— Data section —
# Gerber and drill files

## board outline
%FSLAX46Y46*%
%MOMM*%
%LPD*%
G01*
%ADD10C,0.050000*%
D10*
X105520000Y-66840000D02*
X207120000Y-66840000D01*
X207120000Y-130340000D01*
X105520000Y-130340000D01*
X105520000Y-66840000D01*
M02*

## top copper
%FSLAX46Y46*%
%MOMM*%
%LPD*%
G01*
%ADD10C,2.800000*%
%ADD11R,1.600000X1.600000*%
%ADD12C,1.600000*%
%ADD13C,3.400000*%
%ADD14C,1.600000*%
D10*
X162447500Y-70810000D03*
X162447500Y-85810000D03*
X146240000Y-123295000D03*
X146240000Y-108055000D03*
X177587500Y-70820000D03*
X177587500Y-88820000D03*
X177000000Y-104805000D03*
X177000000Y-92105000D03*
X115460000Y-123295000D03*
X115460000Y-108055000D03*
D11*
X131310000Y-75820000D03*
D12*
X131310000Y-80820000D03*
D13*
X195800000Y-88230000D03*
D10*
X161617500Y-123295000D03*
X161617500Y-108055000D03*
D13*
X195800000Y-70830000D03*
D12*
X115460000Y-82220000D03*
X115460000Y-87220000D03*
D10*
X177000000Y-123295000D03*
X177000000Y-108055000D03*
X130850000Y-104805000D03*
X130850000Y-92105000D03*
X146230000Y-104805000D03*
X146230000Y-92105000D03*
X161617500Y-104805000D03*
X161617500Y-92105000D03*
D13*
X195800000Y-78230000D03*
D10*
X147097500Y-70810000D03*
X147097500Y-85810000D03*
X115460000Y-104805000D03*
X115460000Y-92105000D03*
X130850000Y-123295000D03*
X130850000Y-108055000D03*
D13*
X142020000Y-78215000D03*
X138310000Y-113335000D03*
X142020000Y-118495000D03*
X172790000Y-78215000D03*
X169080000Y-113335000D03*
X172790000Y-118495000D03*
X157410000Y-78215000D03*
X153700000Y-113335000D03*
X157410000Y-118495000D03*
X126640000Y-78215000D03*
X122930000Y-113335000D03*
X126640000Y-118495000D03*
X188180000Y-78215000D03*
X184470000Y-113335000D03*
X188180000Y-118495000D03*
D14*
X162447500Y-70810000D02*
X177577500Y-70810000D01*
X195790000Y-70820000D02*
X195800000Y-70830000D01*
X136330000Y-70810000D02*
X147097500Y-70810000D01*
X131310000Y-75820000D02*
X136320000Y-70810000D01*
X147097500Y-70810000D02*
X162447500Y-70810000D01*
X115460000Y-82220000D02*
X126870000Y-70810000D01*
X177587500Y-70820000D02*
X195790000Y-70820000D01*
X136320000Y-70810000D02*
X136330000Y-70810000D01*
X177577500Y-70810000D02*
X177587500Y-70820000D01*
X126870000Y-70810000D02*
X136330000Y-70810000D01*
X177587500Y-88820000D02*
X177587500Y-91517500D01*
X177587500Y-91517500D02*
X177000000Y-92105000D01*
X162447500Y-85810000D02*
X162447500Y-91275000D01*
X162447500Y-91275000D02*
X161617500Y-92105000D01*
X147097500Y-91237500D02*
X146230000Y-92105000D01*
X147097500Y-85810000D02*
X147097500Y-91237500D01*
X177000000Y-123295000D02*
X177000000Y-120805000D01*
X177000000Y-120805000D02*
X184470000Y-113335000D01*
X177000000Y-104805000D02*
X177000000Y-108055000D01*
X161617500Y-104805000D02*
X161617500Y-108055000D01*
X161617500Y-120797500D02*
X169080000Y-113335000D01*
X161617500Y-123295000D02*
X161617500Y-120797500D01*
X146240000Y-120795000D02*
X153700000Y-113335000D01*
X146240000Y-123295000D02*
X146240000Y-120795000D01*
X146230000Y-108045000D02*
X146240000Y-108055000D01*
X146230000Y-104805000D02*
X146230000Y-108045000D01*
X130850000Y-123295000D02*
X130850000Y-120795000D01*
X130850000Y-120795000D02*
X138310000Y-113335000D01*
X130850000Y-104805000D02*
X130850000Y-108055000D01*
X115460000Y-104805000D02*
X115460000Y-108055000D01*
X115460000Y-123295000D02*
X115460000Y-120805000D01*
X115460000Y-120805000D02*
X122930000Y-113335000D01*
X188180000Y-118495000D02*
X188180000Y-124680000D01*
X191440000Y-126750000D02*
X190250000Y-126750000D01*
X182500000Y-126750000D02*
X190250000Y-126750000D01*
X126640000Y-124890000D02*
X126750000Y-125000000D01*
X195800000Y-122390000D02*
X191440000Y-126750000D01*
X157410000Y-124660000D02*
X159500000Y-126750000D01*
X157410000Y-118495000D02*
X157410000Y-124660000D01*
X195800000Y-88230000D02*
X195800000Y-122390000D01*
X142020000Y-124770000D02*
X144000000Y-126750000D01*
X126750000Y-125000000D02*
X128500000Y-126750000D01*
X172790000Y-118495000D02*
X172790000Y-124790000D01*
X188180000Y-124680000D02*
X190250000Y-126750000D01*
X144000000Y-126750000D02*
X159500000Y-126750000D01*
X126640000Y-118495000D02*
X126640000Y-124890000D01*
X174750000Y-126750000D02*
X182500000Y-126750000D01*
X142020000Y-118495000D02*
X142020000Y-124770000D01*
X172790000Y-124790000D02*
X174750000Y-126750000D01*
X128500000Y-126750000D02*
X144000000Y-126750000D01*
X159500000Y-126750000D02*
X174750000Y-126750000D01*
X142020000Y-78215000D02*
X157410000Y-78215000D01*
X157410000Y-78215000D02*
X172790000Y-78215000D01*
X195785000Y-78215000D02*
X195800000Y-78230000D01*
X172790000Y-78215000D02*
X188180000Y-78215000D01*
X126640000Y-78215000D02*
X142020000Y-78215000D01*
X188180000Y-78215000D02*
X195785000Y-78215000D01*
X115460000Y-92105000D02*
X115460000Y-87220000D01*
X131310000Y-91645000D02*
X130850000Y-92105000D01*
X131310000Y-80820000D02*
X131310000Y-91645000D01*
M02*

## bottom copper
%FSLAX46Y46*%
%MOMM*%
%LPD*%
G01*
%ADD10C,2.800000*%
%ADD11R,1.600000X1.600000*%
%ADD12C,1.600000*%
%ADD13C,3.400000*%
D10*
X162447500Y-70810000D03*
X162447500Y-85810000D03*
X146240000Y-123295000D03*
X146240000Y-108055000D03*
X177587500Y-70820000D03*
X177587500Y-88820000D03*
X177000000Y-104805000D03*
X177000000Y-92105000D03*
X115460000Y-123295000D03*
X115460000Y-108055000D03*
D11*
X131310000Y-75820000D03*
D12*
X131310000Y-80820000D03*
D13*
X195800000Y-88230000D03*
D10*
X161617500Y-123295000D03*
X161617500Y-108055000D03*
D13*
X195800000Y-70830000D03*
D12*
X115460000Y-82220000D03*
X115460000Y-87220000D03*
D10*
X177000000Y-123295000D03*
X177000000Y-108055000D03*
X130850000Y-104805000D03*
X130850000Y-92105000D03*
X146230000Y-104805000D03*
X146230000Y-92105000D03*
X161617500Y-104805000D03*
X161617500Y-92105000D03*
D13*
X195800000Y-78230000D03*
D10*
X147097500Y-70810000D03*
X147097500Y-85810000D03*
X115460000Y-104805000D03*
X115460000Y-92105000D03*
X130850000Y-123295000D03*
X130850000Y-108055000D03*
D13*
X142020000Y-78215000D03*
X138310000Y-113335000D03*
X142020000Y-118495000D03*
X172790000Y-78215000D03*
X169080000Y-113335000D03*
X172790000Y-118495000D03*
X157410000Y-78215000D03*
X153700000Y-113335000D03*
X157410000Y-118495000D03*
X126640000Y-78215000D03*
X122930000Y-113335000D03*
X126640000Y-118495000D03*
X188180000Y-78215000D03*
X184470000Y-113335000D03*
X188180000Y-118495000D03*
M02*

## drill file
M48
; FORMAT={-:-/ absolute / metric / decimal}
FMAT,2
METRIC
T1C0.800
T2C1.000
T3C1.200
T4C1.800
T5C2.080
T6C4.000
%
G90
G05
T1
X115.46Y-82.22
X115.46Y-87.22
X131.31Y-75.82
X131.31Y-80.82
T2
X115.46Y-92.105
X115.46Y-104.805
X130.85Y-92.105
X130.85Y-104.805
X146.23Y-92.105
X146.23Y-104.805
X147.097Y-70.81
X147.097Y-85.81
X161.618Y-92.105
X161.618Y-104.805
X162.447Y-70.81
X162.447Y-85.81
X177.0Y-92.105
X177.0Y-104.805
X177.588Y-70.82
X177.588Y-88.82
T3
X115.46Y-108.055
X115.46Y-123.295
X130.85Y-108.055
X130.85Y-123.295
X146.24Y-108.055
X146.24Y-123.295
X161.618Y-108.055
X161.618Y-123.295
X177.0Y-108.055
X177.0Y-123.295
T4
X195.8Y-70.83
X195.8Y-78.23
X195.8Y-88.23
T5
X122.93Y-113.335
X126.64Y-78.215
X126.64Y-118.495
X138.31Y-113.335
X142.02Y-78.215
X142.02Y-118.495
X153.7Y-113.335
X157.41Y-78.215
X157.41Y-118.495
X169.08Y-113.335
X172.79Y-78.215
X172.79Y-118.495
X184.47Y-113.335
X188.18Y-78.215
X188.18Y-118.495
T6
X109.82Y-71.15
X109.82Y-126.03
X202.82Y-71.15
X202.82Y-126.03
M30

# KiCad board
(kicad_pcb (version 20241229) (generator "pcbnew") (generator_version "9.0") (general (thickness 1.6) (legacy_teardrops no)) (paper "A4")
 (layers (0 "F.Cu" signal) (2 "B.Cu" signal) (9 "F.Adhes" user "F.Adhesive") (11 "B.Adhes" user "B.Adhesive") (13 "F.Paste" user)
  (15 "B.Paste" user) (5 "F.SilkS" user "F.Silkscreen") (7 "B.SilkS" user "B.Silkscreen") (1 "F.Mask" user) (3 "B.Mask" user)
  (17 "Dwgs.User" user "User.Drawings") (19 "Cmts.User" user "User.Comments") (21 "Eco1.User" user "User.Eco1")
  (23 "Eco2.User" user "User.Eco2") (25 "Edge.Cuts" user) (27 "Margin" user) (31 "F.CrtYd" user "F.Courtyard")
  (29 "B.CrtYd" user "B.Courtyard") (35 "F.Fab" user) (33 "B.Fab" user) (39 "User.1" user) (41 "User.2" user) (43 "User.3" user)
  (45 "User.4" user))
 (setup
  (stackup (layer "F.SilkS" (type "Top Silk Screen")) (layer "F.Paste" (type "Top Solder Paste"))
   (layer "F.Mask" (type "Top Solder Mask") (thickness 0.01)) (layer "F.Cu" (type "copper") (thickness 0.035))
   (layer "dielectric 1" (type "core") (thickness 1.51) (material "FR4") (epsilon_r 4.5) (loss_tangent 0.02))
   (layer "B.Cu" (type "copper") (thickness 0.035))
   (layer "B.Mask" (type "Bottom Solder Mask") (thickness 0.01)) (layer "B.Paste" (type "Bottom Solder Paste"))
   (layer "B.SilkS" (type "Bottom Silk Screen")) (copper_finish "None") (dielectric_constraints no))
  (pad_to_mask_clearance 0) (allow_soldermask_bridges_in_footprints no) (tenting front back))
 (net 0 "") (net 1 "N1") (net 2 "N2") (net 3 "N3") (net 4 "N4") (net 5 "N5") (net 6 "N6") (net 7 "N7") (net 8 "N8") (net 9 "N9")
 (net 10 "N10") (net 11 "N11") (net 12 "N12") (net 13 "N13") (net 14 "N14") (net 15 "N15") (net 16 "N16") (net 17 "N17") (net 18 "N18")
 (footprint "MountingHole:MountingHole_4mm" (layer "F.Cu") (at 202.82 126.03)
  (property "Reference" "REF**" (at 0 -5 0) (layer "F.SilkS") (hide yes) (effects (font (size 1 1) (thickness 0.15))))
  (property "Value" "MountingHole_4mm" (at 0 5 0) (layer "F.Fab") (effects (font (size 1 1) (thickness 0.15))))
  (pad "" np_thru_hole circle (at 0 0) (size 4 4) (drill 4) (layers "*.Cu" "*.Mask")))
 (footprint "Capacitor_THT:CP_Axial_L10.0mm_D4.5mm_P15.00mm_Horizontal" (layer "F.Cu") (at 162.4475 70.81 -90)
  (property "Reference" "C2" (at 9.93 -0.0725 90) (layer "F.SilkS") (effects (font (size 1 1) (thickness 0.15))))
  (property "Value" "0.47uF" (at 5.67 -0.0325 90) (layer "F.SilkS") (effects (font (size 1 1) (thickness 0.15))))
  (pad "1" thru_hole circle (at 0 0 270) (size 2.8 2.8) (drill 1) (layers "*.Cu" "*.Mask") (remove_unused_layers no) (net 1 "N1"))
  (pad "2" thru_hole circle (at 15 0 270) (size 2.8 2.8) (drill 1) (layers "*.Cu" "*.Mask") (remove_unused_layers no) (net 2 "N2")))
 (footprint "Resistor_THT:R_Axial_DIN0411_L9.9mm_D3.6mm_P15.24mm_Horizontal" (layer "F.Cu") (at 146.24 123.295 90)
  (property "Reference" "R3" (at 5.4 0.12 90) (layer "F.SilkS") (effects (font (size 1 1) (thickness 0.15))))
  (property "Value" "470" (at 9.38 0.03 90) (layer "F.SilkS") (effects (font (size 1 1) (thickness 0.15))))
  (pad "1" thru_hole circle (at 0 0 90) (size 2.8 2.8) (drill 1.2) (layers "*.Cu" "*.Mask") (remove_unused_layers no) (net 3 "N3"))
  (pad "2" thru_hole circle (at 15.24 0 90) (size 2.8 2.8) (drill 1.2) (layers "*.Cu" "*.Mask") (remove_unused_layers no) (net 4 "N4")))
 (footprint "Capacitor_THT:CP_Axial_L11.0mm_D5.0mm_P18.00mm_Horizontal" (layer "F.Cu") (at 177.5875 70.82 -90)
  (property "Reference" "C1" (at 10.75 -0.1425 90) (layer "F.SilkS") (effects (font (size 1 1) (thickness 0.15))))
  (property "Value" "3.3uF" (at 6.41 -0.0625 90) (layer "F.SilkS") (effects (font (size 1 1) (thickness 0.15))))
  (pad "1" thru_hole circle (at 0 0 270) (size 2.8 2.8) (drill 1) (layers "*.Cu" "*.Mask") (remove_unused_layers no) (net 1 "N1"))
  (pad "2" thru_hole circle (at 18 0 270) (size 2.8 2.8) (drill 1) (layers "*.Cu" "*.Mask") (remove_unused_layers no) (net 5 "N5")))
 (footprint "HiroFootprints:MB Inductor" (layer "F.Cu") (at 177 104.805 90)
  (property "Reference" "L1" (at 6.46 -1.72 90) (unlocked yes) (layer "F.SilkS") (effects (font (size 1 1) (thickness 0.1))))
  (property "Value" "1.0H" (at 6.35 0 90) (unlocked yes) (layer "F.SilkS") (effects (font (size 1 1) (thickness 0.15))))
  (pad "1" thru_hole circle (at 0 0 90) (size 2.8 2.8) (drill 1) (layers "*.Cu" "*.Mask") (remove_unused_layers no) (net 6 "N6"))
  (pad "2" thru_hole circle (at 12.7 0 90) (size 2.8 2.8) (drill 1) (layers "*.Cu" "*.Mask") (remove_unused_layers no) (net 5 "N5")))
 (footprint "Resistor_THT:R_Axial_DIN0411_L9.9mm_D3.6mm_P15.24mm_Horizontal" (layer "F.Cu") (at 115.46 123.295 90)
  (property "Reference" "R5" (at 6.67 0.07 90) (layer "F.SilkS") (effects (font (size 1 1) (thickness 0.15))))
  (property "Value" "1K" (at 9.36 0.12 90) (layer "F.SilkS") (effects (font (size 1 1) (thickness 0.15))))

— Directions —
After reading the records above, say how many lines hold the string "Paste", using only a number.

— Answer box —
4